Sheikh Dhiyab bin Isa (ruled 1761-1793) Built Qasr Al Hosn as a watchtower to guard over the only freshwater well on Abu Dhabi island.

Sheikh Shakhbut bin Dhiyab (ruled 1793-1816) Expanded the tower into a small fort and transferred his ruling place of residence from Liwa Oasis to the fort on the island.

Sheikh Tahnoon bin Shakhbut (ruled 1818-1833) Expanded Qasr Al Hosn further as Abu Dhabi grew from a small village of palm huts to a town of more than 5,000 inhabitants.
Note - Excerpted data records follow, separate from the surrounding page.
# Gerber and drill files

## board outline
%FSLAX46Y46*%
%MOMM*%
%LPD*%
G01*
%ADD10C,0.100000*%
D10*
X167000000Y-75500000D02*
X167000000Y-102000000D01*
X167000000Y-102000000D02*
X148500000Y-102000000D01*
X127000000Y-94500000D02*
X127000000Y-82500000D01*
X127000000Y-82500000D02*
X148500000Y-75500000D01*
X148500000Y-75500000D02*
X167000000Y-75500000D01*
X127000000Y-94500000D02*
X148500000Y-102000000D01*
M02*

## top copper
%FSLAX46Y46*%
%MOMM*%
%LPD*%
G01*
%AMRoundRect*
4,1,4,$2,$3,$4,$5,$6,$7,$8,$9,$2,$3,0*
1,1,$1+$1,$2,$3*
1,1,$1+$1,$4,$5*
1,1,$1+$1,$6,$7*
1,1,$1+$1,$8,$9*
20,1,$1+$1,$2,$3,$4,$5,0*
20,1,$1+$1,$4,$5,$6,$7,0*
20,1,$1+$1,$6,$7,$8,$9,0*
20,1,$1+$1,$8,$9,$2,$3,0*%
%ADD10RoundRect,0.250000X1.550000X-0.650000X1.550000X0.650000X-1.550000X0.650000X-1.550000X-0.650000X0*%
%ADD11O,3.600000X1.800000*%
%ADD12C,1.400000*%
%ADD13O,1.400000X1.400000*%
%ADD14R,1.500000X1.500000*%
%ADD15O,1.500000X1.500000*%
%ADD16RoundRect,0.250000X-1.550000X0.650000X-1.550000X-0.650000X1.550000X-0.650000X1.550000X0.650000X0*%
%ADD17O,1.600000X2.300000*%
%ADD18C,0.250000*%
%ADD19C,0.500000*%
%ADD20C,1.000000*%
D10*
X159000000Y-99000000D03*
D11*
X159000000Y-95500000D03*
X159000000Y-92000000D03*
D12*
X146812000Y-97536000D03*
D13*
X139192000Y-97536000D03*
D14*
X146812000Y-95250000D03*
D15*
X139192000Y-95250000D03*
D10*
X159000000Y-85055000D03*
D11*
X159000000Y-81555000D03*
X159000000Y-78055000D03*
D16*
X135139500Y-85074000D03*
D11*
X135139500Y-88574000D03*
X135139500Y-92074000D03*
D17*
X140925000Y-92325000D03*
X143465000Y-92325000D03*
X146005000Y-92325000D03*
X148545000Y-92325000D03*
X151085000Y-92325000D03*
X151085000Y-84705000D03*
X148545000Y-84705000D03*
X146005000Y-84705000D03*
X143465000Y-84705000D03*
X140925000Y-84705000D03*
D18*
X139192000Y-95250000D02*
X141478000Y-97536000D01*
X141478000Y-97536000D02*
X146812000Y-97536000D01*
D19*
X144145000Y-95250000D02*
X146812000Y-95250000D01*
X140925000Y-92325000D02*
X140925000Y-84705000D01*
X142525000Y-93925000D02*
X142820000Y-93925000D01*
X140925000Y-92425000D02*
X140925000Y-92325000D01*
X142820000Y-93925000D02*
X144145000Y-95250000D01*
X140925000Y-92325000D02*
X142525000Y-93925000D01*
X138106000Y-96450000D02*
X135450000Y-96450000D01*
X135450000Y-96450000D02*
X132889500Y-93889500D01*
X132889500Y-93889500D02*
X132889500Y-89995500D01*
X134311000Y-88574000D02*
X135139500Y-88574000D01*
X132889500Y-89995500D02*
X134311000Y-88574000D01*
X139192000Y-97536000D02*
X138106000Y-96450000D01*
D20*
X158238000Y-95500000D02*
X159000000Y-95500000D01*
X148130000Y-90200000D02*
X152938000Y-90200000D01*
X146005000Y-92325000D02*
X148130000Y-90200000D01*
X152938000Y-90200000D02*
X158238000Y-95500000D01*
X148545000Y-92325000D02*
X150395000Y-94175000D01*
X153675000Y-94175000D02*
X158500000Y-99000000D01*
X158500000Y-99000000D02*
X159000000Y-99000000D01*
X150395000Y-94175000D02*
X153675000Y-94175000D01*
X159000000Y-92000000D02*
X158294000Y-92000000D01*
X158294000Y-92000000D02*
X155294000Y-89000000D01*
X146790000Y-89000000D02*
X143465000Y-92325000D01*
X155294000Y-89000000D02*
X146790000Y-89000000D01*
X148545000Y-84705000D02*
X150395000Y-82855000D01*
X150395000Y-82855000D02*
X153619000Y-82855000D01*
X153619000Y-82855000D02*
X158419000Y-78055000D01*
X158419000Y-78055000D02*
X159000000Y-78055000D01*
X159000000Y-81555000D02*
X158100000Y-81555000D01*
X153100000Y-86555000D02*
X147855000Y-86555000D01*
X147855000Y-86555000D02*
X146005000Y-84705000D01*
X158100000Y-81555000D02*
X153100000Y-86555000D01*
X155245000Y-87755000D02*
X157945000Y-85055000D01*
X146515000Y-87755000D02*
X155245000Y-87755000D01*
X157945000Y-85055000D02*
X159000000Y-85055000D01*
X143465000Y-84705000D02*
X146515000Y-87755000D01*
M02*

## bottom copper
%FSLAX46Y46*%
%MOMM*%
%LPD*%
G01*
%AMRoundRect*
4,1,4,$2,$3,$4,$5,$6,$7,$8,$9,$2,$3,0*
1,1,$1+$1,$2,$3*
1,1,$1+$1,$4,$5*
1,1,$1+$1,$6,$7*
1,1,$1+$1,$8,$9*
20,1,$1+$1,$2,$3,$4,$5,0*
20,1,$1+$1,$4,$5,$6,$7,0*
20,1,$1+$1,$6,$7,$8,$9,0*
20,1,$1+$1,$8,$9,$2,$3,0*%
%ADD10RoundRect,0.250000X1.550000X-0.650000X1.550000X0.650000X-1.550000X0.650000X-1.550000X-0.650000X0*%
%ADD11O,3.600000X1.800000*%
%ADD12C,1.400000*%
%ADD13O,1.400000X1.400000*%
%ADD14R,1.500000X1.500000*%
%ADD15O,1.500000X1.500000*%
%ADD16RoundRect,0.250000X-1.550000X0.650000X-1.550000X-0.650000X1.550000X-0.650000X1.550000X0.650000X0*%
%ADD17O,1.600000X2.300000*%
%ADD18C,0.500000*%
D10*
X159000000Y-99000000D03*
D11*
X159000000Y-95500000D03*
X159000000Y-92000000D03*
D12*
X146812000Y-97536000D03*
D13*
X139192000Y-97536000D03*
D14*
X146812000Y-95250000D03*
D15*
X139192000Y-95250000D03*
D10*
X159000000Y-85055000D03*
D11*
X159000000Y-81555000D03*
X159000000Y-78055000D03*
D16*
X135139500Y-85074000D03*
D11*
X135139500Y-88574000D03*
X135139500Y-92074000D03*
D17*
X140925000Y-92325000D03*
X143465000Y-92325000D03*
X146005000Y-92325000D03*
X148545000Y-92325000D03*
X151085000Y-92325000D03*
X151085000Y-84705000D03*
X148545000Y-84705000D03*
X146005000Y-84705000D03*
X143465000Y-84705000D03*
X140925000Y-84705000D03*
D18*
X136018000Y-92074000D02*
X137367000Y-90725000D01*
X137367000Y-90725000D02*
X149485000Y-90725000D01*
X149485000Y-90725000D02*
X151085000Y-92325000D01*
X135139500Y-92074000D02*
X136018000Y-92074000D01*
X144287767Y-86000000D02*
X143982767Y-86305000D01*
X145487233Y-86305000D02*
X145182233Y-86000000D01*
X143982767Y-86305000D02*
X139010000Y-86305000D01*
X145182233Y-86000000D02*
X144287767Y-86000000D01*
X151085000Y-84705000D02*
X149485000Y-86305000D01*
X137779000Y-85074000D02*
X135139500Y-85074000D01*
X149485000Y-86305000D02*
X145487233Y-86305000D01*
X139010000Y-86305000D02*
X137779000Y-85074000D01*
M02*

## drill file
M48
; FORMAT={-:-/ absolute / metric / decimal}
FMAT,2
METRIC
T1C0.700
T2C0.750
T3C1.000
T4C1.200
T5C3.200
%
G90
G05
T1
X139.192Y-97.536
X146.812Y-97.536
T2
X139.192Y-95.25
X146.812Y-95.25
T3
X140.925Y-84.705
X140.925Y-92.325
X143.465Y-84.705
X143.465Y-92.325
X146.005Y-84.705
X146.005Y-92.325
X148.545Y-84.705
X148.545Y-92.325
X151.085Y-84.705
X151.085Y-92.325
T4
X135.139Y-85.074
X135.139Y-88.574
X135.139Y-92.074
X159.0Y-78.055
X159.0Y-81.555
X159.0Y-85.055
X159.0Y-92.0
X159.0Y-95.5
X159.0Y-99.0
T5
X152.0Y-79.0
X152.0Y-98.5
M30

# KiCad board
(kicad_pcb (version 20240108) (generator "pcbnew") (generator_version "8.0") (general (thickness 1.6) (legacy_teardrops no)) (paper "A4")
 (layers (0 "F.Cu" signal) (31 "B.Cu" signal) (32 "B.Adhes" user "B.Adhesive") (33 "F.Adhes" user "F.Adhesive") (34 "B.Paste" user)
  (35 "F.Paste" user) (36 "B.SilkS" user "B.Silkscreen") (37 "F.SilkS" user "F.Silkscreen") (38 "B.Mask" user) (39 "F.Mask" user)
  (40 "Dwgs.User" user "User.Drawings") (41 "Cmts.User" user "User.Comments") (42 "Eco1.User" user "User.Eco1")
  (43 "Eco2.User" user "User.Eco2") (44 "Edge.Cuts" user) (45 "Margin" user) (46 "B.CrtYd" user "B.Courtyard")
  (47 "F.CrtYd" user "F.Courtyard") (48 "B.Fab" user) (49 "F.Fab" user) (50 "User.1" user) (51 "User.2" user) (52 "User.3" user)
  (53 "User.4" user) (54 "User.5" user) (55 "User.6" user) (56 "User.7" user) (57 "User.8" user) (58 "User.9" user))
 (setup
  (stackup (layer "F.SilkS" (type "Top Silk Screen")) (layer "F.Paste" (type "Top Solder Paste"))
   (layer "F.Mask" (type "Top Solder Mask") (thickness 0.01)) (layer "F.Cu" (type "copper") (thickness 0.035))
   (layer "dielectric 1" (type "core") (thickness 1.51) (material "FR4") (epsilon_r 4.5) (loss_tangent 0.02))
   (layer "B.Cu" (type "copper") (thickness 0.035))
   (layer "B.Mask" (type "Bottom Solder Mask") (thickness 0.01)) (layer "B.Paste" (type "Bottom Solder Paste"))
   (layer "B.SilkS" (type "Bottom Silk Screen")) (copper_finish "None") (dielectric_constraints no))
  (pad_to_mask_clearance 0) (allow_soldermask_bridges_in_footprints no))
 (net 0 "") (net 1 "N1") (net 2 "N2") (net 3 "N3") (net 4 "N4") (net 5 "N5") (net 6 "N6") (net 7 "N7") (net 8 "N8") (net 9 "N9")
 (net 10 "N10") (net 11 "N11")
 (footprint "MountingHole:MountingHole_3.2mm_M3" (layer "F.Cu") (at 152 98.5)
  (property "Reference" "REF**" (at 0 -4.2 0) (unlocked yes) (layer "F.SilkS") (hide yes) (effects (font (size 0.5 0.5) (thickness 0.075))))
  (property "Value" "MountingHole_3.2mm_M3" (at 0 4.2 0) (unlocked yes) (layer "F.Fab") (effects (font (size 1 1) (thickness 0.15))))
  (pad "" np_thru_hole circle (at 0 0) (size 3.2 3.2) (drill 3.2) (layers "*.Cu" "*.Mask")))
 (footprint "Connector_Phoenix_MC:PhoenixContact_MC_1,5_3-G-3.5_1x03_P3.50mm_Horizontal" (layer "F.Cu") (at 159 99 90)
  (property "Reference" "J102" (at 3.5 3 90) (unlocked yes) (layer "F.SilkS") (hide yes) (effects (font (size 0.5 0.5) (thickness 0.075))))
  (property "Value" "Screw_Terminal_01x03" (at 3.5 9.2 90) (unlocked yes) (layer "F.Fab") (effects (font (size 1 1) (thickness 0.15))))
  (pad "1" thru_hole roundrect (at 0 0 90) (size 1.8 3.6) (drill 1.2) (layers "*.Cu" "*.Mask") (remove_unused_layers no)
   (roundrect_rratio 0.138889) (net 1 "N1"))
  (pad "2" thru_hole oval (at 3.5 0 90) (size 1.8 3.6) (drill 1.2) (layers "*.Cu" "*.Mask") (remove_unused_layers no) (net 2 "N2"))
  (pad "3" thru_hole oval (at 7 0 90) (size 1.8 3.6) (drill 1.2) (layers "*.Cu" "*.Mask") (remove_unused_layers no) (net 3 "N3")))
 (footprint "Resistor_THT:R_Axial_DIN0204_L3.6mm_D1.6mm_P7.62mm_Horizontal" (layer "F.Cu") (at 146.812 97.536 180)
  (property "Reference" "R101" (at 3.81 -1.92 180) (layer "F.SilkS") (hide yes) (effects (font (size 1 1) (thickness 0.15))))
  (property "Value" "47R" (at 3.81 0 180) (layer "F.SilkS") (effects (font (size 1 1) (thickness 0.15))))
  (pad "1" thru_hole circle (at 0 0 180) (size 1.4 1.4) (drill 0.7) (layers "*.Cu" "*.Mask") (remove_unused_layers no) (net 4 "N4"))
  (pad "2" thru_hole oval (at 7.62 0 180) (size 1.4 1.4) (drill 0.7) (layers "*.Cu" "*.Mask") (remove_unused_layers no) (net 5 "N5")))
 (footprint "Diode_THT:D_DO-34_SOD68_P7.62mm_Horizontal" (layer "F.Cu") (at 146.812 95.25 180)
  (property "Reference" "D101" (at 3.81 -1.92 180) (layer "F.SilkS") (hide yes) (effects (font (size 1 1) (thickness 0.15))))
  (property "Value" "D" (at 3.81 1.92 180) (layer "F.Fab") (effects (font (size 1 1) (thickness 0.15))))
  (pad "1" thru_hole rect (at 0 0 180) (size 1.5 1.5) (drill 0.75) (layers "*.Cu" "*.Mask") (remove_unused_layers no) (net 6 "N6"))
  (pad "2" thru_hole oval (at 7.62 0 180) (size 1.5 1.5) (drill 0.75) (layers "*.Cu" "*.Mask") (remove_unused_layers no) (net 4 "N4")))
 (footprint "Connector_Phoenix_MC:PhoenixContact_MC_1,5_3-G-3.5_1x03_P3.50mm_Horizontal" (layer "F.Cu") (at 159 85.055 90)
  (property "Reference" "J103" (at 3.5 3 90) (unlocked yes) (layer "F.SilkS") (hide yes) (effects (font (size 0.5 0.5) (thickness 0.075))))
Sheikh Khalifa bin Shakhbut (ruled 1833-1845) Repaired and fortified the fort.

Sheikh Saeed bin Tahnoon (ruled 1845-1855) Turned Qasr Al Hosn into a strong two-storied structure.

Sheikh Zayed bin Khalifa (ruled 1855-1909) Expanded Qasr Al Hosn further to reflect the emirate's increasing prominence.

Sheikh Shakhbut bin Sultan (ruled 1928-1966) Renovated and enlarged Qasr Al Hosn, adding a decorative arch and two new villas.

Sheikh Zayed bin Sultan (ruled 1966-2004) Moved the royal residence to Al Manhal palace and kept his diwan at Qasr Al Hosn.